There have been about 80 mass graves discovered in and around Srebrenica municipality. Of these, only eight were "primary graves"; the rest were secondary or even tertiary, that is, remains had been moved from their first place of burial to another place to conceal the crime.

It has become customary, after each year's funeral, to open some graves for "re-association." That is, more often than not, only partial remains are buried, and later additional parts are discovered and identified. This year there were over 75 re-associations. A friend of mine's brother's remains were re-exhumed so that part of his skull could be added to the grave.

The total number of remains buried at the Poto
čari cemetery is now 6,751. However, a thousand more remains have been identified.
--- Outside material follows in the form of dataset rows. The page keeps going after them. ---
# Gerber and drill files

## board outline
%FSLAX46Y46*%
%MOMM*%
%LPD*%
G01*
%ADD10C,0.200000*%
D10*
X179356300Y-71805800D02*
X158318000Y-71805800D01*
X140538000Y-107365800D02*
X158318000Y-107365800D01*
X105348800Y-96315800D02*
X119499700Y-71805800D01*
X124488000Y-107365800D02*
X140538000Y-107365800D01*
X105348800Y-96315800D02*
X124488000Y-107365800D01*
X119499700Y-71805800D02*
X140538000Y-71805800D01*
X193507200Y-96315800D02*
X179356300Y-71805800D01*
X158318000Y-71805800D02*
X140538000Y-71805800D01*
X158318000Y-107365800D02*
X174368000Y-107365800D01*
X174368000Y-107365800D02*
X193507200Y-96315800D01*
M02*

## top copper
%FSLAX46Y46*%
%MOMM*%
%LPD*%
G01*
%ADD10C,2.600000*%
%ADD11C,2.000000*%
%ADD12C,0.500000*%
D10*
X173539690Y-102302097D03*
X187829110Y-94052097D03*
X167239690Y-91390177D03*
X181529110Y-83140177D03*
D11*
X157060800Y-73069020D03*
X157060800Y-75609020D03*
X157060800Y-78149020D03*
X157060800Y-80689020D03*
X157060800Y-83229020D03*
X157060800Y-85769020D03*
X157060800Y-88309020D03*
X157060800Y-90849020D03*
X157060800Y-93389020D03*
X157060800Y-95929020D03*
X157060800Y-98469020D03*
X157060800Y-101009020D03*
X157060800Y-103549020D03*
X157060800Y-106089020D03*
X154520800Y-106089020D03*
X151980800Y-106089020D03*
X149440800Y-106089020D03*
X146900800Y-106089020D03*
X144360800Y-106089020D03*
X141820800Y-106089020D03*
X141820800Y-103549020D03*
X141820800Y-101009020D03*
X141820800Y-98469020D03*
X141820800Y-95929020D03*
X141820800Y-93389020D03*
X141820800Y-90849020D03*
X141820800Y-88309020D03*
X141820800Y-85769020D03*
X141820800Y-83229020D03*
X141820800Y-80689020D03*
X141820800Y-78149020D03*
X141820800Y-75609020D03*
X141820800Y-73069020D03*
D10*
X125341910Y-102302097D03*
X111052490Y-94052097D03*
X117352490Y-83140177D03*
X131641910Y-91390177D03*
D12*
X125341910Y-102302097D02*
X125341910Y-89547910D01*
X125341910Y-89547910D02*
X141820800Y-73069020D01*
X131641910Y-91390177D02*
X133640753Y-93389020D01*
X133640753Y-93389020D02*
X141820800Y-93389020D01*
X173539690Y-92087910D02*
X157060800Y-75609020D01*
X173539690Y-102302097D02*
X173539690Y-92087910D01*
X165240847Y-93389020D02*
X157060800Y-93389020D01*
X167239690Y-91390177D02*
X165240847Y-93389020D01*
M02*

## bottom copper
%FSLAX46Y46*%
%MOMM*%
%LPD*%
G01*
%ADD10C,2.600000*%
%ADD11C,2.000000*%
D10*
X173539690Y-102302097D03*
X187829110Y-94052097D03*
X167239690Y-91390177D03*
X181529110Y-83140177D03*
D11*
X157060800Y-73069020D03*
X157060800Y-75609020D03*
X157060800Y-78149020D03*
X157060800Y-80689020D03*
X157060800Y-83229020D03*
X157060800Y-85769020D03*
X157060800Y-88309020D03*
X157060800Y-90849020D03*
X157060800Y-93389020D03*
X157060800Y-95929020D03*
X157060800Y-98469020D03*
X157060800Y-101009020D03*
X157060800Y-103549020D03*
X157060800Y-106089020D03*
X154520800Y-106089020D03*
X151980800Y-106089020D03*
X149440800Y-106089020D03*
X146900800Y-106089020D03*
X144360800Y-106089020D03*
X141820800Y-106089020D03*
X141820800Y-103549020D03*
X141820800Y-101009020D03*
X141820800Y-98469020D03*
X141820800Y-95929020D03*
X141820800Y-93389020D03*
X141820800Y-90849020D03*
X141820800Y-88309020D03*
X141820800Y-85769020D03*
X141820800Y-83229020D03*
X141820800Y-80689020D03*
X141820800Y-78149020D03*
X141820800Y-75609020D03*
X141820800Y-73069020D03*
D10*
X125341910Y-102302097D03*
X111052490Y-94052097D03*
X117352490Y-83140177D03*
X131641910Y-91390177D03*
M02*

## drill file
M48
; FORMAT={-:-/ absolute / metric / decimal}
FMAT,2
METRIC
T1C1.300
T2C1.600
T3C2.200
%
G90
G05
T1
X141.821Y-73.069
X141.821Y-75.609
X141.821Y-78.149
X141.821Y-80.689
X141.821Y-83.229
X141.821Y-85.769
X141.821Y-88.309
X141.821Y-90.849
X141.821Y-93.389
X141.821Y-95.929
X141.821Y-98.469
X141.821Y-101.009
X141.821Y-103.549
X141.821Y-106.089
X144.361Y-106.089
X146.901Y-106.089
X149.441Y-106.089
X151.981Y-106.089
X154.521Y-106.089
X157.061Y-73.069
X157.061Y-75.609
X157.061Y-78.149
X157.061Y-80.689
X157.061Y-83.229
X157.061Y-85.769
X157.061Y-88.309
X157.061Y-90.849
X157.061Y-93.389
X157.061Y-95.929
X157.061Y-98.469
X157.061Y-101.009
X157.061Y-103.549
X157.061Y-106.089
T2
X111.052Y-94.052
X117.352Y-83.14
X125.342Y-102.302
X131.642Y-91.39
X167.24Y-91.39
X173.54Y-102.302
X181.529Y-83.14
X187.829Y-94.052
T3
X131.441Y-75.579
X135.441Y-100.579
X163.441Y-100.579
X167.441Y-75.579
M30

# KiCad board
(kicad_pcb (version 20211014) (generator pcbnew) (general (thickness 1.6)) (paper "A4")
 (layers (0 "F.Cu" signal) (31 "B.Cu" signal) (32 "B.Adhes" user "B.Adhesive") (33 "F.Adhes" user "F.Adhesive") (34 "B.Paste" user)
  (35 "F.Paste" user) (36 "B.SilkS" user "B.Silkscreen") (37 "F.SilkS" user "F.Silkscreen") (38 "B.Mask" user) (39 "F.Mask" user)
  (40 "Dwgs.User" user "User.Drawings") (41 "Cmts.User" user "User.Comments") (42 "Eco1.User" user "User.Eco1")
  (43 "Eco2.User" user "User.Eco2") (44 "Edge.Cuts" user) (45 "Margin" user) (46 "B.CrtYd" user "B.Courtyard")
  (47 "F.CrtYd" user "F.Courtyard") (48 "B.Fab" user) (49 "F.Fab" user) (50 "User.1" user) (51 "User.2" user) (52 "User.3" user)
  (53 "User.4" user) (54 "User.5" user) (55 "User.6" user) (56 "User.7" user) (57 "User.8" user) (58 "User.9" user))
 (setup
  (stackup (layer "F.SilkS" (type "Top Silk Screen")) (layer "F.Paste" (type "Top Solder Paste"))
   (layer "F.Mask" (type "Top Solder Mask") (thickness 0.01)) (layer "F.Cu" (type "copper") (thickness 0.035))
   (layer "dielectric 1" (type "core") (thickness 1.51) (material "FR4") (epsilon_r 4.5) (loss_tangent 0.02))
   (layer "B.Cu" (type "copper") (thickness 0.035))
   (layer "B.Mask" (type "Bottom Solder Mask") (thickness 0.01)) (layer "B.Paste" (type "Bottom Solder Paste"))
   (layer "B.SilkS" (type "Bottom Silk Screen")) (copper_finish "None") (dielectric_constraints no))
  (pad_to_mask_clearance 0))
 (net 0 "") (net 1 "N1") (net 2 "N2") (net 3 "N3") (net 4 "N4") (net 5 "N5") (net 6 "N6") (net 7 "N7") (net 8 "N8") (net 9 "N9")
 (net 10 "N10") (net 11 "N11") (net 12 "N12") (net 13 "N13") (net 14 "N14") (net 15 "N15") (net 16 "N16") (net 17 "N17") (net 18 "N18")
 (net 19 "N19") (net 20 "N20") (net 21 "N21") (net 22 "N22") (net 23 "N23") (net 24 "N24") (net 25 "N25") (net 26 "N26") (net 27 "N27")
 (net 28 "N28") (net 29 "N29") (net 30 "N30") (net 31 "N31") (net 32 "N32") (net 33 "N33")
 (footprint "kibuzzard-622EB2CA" (layer "F.Cu") (at 149.4028 74.1934)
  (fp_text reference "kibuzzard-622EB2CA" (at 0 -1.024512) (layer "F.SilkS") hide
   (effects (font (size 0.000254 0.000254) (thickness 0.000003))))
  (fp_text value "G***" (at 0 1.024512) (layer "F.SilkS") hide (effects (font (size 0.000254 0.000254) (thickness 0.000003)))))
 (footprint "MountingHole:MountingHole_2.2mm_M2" (layer "F.Cu") (at 135.4408 100.57902)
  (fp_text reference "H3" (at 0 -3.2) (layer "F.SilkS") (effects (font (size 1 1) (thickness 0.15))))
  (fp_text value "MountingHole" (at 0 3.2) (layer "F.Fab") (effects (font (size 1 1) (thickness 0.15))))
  (pad "" np_thru_hole circle (at 0 0) (size 2.2 2.2) (drill 2.2) (layers *.Cu *.Mask)))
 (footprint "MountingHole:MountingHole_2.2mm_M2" (layer "F.Cu") (at 131.4408 75.57902)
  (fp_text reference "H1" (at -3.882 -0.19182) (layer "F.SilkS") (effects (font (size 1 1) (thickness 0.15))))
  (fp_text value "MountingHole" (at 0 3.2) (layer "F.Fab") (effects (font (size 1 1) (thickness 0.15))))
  (pad "" np_thru_hole circle (at 0 0) (size 2.2 2.2) (drill 2.2) (layers *.Cu *.Mask)))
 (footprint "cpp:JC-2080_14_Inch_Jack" (layer "F.Cu") (at 176.8094 91.4654 -150)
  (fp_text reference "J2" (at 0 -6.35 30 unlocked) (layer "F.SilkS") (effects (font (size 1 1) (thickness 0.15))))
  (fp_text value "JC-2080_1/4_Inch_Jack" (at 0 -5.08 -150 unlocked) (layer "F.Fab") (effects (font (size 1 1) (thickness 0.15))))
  (pad "1" thru_hole circle (at 8.25 -7.75 210) (size 2.6 2.6) (drill 1.6) (layers *.Cu *.Mask) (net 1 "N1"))
  (pad "1" thru_hole circle (at -8.25 -7.75 210) (size 2.6 2.6) (drill 1.6) (layers *.Cu *.Mask) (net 1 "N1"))
  (pad "2" thru_hole circle (at 8.25 4.85 210) (size 2.6 2.6) (drill 1.6) (layers *.Cu *.Mask) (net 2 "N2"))
  (pad "2" thru_hole circle (at -8.25 4.85 210) (size 2.6 2.6) (drill 1.6) (layers *.Cu *.Mask) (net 2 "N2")))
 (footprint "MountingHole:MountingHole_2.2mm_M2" (layer "F.Cu") (at 167.4408 75.57902)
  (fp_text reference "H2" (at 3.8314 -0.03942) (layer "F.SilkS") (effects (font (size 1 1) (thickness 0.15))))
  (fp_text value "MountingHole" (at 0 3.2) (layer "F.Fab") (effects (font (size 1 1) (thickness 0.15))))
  (pad "" np_thru_hole circle (at 0 0) (size 2.2 2.2) (drill 2.2) (layers *.Cu *.Mask)))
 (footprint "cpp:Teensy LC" (layer "F.Cu") (at 149.4408 89.57902)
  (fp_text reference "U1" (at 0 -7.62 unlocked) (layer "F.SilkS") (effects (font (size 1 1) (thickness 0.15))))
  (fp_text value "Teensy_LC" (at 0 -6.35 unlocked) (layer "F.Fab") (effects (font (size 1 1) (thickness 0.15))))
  (pad "1" thru_hole circle (at 7.62 -16.51) (size 2 2) (drill 1.3) (layers *.Cu *.Mask) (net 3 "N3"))
  (pad "2" thru_hole circle (at 7.62 -13.97) (size 2 2) (drill 1.3) (layers *.Cu *.Mask) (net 1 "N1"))
  (pad "3" thru_hole circle (at 7.62 -11.43) (size 2 2) (drill 1.3) (layers *.Cu *.Mask) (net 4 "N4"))
  (pad "4" thru_hole circle (at 7.62 -8.89) (size 2 2) (drill 1.3) (layers *.Cu *.Mask) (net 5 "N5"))
  (pad "5" thru_hole circle (at 7.62 -6.35) (size 2 2) (drill 1.3) (layers *.Cu *.Mask) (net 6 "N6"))
  (pad "6" thru_hole circle (at 7.62 -3.81) (size 2 2) (drill 1.3) (layers *.Cu *.Mask) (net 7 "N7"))
  (pad "7" thru_hole circle (at 7.62 -1.27) (size 2 2) (drill 1.3) (layers *.Cu *.Mask) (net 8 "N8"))
  (pad "8" thru_hole circle (at 7.62 1.27) (size 2 2) (drill 1.3) (layers *.Cu *.Mask) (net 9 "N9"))
  (pad "9" thru_hole circle (at 7.62 3.81) (size 2 2) (drill 1.3) (layers *.Cu *.Mask) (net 2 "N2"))
  (pad "10" thru_hole circle (at 7.62 6.35) (size 2 2) (drill 1.3) (layers *.Cu *.Mask) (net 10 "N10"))
  (pad "11" thru_hole circle (at 7.62 8.89) (size 2 2) (drill 1.3) (layers *.Cu *.Mask) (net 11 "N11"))
  (pad "12" thru_hole circle (at 7.62 11.43) (size 2 2) (drill 1.3) (layers *.Cu *.Mask) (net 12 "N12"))
  (pad "13" thru_hole circle (at 7.62 13.97) (size 2 2) (drill 1.3) (layers *.Cu *.Mask) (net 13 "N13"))
  (pad "14" thru_hole circle (at 7.62 16.51) (size 2 2) (drill 1.3) (layers *.Cu *.Mask) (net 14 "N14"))
  (pad "15" thru_hole circle (at 5.08 16.51) (size 2 2) (drill 1.3) (layers *.Cu *.Mask) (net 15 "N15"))
  (pad "16" thru_hole circle (at 2.54 16.51) (size 2 2) (drill 1.3) (layers *.Cu *.Mask) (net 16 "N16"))
  (pad "17" thru_hole circle (at 0 16.51) (size 2 2) (drill 1.3) (layers *.Cu *.Mask) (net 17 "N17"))
  (pad "18" thru_hole circle (at -2.54 16.51) (size 2 2) (drill 1.3) (layers *.Cu *.Mask) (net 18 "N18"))
  (pad "19" thru_hole circle (at -5.08 16.51) (size 2 2) (drill 1.3) (layers *.Cu *.Mask) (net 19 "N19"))
  (pad "20" thru_hole circle (at -7.62 16.51) (size 2 2) (drill 1.3) (layers *.Cu *.Mask) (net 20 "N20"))
  (pad "21" thru_hole circle (at -7.62 13.97) (size 2 2) (drill 1.3) (layers *.Cu *.Mask) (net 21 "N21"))
  (pad "22" thru_hole circle (at -7.62 11.43) (size 2 2) (drill 1.3) (layers *.Cu *.Mask) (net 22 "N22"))
  (pad "23" thru_hole circle (at -7.62 8.89) (size 2 2) (drill 1.3) (layers *.Cu *.Mask) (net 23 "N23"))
Some of those are buried in other places, and some await completion or at least additional parts before the family consents to burial.

Leading up to the funeral, the now-traditional Marš mira, the 100-kilometer March of Peace, traced the 1995 escape route back into Srebrenica. A thousand people participated.

And it is also customary for separatist Serbs based in the RS and Serbia to escalate their glorification of the genocidaires around this time. In nearby Vlasenica a billboard appeared showing the photographs of two soldiers who were convicted of participating in the massacre of 1,300 prisoners at Kravica during the fall of the enclave. And in Srebrenica, on the day of the funeral, provocateurs sang Serb nationalist songs in front of the Orthodox church.

On July 20 the annual burial of victims of mass murder in Prijedor took place in Kamičani near Kozarac. Identified remains of two victims were buried. In the Prijedor municipality
the murder of 3,176 Bosniaks, Croats, and others has been tallied. This includes 102 children and 263 women. The remains have been discovered in hundreds of locations, including 73 mass graves. Eighty per cent of those killed have been exhumed, and there are still 500 more missing.

Before the war, some 50,000 Bosniaks lived in Prijedor municipality. By the end of the war that number was down to 2,000.